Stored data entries
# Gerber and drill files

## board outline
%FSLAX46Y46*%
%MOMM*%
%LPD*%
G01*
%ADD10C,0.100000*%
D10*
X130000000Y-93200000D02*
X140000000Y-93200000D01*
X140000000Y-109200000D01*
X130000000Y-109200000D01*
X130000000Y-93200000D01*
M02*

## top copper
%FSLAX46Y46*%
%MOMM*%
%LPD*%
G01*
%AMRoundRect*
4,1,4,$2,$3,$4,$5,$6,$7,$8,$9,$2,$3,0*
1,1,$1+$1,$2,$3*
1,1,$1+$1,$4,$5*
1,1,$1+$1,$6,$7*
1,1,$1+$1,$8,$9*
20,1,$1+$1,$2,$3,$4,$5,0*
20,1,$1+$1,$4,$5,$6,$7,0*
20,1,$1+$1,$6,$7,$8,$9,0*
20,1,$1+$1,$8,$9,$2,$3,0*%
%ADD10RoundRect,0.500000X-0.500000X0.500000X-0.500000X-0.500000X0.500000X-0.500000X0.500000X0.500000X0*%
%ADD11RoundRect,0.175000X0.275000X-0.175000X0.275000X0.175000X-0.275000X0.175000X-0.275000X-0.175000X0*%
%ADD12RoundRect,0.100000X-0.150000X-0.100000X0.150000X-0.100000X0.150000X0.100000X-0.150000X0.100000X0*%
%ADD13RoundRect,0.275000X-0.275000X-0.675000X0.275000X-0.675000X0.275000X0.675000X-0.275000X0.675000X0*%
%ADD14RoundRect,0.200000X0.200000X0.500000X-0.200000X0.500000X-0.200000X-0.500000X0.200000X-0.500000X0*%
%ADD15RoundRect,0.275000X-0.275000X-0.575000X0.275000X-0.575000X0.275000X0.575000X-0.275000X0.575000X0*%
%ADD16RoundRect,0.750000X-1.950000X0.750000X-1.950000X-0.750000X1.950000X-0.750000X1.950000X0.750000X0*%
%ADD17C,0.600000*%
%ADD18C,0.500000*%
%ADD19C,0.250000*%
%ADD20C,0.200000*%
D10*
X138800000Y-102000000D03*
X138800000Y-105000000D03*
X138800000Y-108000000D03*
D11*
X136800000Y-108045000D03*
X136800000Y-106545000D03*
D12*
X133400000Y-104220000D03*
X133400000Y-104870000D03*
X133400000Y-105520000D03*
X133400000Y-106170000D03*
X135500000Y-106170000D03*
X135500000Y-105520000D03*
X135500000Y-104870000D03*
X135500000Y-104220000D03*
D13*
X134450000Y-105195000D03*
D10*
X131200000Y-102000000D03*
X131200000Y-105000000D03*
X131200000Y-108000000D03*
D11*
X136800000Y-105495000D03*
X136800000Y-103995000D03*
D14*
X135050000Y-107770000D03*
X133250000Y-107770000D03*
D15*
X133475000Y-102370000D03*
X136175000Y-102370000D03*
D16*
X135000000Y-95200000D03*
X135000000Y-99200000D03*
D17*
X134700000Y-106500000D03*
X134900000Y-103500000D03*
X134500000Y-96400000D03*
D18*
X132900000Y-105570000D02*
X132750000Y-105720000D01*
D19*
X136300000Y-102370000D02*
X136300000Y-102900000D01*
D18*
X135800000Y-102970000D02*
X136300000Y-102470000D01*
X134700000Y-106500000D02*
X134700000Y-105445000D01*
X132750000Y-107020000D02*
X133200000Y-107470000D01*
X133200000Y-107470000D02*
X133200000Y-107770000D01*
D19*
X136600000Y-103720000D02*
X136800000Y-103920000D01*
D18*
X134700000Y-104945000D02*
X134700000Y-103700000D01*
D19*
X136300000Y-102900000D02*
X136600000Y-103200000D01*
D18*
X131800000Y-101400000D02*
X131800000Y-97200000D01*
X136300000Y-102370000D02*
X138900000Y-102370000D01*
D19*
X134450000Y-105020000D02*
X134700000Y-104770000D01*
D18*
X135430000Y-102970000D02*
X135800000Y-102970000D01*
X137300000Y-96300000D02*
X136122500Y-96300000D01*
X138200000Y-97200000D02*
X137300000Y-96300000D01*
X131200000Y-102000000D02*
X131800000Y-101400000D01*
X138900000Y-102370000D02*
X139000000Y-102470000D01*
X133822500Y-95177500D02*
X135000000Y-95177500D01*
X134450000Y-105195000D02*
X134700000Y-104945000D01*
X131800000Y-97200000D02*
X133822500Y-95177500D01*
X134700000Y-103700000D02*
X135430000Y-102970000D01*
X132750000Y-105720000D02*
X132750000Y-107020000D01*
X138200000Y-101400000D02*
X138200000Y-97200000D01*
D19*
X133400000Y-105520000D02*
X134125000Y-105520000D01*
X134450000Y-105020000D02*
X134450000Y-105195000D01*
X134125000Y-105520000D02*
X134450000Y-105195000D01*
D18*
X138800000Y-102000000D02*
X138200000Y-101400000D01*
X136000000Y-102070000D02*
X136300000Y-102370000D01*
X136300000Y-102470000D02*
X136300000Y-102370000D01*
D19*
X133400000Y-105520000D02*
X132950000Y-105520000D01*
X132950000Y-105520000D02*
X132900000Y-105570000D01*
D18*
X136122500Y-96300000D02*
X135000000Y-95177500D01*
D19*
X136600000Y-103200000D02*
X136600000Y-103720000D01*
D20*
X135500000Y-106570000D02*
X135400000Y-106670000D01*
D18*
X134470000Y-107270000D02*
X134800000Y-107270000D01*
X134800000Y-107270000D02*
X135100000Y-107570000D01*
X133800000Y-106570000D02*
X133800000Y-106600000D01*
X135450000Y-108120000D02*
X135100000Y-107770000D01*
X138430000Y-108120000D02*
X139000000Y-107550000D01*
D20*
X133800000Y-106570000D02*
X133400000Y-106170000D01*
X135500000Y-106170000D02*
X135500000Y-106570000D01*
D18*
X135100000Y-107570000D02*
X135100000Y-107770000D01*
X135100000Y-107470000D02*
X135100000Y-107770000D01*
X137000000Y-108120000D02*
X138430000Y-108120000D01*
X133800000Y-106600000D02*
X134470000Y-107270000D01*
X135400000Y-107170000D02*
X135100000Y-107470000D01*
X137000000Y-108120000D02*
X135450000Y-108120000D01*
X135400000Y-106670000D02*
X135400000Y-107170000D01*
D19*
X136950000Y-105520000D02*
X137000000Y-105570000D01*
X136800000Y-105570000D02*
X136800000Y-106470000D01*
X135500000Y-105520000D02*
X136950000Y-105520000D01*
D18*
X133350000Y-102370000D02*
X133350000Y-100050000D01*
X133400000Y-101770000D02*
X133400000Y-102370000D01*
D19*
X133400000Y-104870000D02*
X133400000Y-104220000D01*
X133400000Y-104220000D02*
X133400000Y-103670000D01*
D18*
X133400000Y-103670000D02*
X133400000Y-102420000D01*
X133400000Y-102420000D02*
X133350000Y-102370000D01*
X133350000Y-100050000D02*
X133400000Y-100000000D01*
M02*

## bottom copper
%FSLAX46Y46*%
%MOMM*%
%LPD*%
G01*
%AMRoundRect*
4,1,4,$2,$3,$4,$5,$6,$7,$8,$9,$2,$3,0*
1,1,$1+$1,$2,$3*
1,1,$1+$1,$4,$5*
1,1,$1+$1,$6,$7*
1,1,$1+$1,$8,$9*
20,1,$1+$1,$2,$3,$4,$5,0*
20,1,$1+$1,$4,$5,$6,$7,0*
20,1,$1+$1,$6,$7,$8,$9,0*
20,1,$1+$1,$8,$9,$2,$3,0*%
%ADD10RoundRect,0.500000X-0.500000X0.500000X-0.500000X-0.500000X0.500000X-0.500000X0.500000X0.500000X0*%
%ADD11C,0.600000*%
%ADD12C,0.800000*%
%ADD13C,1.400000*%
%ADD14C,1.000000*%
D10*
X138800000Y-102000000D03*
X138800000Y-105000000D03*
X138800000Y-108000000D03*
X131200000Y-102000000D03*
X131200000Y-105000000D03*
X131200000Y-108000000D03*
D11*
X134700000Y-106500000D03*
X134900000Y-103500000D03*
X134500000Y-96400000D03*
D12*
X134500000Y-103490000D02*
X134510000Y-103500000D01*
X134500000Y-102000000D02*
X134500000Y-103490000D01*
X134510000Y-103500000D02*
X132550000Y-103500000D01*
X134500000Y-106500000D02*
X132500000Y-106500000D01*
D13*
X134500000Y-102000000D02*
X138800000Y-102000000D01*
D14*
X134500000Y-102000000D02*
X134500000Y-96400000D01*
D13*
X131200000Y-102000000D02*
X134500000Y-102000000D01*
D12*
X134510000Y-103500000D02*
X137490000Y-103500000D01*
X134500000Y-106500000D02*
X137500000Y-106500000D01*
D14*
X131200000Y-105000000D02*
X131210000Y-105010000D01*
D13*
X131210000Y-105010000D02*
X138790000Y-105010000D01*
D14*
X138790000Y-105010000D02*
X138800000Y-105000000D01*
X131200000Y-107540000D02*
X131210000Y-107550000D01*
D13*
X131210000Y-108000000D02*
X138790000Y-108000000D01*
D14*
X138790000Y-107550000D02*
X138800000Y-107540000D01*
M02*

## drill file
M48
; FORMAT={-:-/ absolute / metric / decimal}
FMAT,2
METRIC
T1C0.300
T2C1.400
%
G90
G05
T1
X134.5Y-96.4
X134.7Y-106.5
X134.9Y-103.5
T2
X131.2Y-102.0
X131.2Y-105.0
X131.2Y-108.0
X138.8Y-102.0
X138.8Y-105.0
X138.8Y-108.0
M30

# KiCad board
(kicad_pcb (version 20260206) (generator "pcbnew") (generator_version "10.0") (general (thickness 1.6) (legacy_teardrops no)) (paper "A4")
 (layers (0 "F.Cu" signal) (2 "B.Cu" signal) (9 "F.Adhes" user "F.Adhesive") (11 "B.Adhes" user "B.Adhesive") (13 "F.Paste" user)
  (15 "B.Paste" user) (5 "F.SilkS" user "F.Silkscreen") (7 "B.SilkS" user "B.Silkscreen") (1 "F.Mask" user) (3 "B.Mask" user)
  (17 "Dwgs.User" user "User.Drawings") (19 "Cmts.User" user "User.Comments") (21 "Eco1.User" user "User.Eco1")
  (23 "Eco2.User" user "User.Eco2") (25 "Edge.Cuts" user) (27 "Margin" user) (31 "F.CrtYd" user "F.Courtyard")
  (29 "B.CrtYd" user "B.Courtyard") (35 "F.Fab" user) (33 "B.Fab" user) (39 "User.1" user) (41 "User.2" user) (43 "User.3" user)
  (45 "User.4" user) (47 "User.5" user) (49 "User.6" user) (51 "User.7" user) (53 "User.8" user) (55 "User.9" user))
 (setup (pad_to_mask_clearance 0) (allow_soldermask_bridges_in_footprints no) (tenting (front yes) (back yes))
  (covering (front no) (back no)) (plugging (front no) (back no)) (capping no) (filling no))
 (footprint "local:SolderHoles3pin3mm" (layer "F.Cu") (at 138.8 105 -90)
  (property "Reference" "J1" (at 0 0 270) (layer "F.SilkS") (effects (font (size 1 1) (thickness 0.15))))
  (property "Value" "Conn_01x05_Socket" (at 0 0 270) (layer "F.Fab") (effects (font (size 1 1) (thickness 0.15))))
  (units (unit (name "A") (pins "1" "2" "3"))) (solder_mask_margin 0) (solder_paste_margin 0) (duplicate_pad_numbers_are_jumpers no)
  (pad "1" thru_hole roundrect (at -3 0 270) (size 2 2) (drill 1.4) (layers "*.Cu" "*.Mask") (remove_unused_layers yes)
   (keep_end_layers yes) (zone_layer_connections) (roundrect_rratio 0.25) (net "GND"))
  (pad "2" thru_hole roundrect (at 0 0 270) (size 2 2) (drill 1.4) (layers "*.Cu" "*.Mask") (remove_unused_layers yes) (keep_end_layers yes)
   (zone_layer_connections) (roundrect_rratio 0.25) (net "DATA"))
  (pad "3" thru_hole roundrect (at 3 0 270) (size 2 2) (drill 1.4) (layers "*.Cu" "*.Mask") (remove_unused_layers yes) (keep_end_layers yes)
   (zone_layer_connections) (roundrect_rratio 0.25) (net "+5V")))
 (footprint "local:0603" (layer "F.Cu") (at 136.8 107.295 90)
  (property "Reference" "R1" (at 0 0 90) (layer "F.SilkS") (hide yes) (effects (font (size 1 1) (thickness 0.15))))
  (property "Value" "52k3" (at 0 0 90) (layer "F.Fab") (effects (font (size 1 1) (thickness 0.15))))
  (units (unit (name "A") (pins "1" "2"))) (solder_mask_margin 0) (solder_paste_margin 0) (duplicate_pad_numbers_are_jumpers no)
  (pad "1" smd roundrect (at -0.75 0 90) (size 0.7 0.9) (layers "F.Cu" "F.Mask" "F.Paste") (roundrect_rratio 0.25) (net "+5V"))
  (pad "2" smd roundrect (at 0.75 0 90) (size 0.7 0.9) (layers "F.Cu" "F.Mask" "F.Paste") (roundrect_rratio 0.25) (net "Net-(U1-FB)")))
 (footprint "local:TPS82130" (layer "F.Cu") (at 134.45 105.195)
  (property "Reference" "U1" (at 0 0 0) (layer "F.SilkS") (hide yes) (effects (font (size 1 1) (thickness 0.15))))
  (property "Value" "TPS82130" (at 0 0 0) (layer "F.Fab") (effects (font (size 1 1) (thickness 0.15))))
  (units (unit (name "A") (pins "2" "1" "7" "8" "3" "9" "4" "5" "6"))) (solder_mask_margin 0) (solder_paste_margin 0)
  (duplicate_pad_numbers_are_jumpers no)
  (pad "1" smd roundrect (at -1.05 -0.975) (size 0.5 0.4) (layers "F.Cu" "F.Mask" "F.Paste") (roundrect_rratio 0.25) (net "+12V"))
  (pad "2" smd roundrect (at -1.05 -0.325) (size 0.5 0.4) (layers "F.Cu" "F.Mask" "F.Paste") (roundrect_rratio 0.25) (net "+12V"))
  (pad "3" smd roundrect (at -1.05 0.325) (size 0.5 0.4) (layers "F.Cu" "F.Mask" "F.Paste") (roundrect_rratio 0.25) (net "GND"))
  (pad "4" smd roundrect (at -1.05 0.975) (size 0.5 0.4) (layers "F.Cu" "F.Mask" "F.Paste") (roundrect_rratio 0.25) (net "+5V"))
  (pad "5" smd roundrect (at 1.05 0.975) (size 0.5 0.4) (layers "F.Cu" "F.Mask" "F.Paste") (roundrect_rratio 0.25) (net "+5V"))
  (pad "6" smd roundrect (at 1.05 0.325) (size 0.5 0.4) (layers "F.Cu" "F.Mask" "F.Paste") (roundrect_rratio 0.25) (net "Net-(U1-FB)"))
  (pad "7" smd roundrect (at 1.05 -0.325) (size 0.5 0.4) (layers "F.Cu" "F.Mask" "F.Paste") (roundrect_rratio 0.25)
   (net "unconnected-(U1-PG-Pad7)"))
  (pad "8" smd roundrect (at 1.05 -0.975) (size 0.5 0.4) (layers "F.Cu" "F.Mask" "F.Paste") (roundrect_rratio 0.25)
   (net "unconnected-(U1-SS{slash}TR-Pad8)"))
  (pad "9" smd roundrect (at 0 0) (size 1.1 1.9) (layers "F.Cu" "F.Mask" "F.Paste") (roundrect_rratio 0.25) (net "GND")))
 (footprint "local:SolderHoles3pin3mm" (layer "F.Cu") (at 131.2 105 -90)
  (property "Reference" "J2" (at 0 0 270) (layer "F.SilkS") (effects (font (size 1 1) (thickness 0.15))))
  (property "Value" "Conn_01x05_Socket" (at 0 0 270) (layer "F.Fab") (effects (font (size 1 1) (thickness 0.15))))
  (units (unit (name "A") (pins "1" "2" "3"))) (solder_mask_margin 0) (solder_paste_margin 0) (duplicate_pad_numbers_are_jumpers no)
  (pad "1" thru_hole roundrect (at -3 0 270) (size 2 2) (drill 1.4) (layers "*.Cu" "*.Mask") (remove_unused_layers yes)
   (keep_end_layers yes) (zone_layer_connections) (roundrect_rratio 0.25) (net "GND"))
  (pad "2" thru_hole roundrect (at 0 0 270) (size 2 2) (drill 1.4) (layers "*.Cu" "*.Mask") (remove_unused_layers yes) (keep_end_layers yes)
   (zone_layer_connections) (roundrect_rratio 0.25) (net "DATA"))
  (pad "3" thru_hole roundrect (at 3 0 270) (size 2 2) (drill 1.4) (layers "*.Cu" "*.Mask") (remove_unused_layers yes) (keep_end_layers yes)
   (zone_layer_connections) (roundrect_rratio 0.25) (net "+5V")))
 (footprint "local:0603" (layer "F.Cu") (at 136.8 104.745 90)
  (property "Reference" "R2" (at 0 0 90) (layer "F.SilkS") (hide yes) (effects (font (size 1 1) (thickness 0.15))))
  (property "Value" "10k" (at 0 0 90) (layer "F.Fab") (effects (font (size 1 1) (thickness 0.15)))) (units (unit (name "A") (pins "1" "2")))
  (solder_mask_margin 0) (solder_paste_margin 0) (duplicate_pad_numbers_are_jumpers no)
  (pad "1" smd roundrect (at -0.75 0 90) (size 0.7 0.9) (layers "F.Cu" "F.Mask" "F.Paste") (roundrect_rratio 0.25) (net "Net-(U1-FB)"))
  (pad "2" smd roundrect (at 0.75 0 90) (size 0.7 0.9) (layers "F.Cu" "F.Mask" "F.Paste") (roundrect_rratio 0.25) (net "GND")))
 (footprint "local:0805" (layer "F.Cu") (at 134.15 107.77 180)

What needs to be done -
Copy out each line of the records where the string "Reference" appears.

Solution to this task -
  (property "Reference" "J1" (at 0 0 270) (layer "F.SilkS") (effects (font (size 1 1) (thickness 0.15))))
  (property "Reference" "R1" (at 0 0 90) (layer "F.SilkS") (hide yes) (effects (font (size 1 1) (thickness 0.15))))
  (property "Reference" "U1" (at 0 0 0) (layer "F.SilkS") (hide yes) (effects (font (size 1 1) (thickness 0.15))))
  (property "Reference" "J2" (at 0 0 270) (layer "F.SilkS") (effects (font (size 1 1) (thickness 0.15))))
  (property "Reference" "R2" (at 0 0 90) (layer "F.SilkS") (hide yes) (effects (font (size 1 1) (thickness 0.15))))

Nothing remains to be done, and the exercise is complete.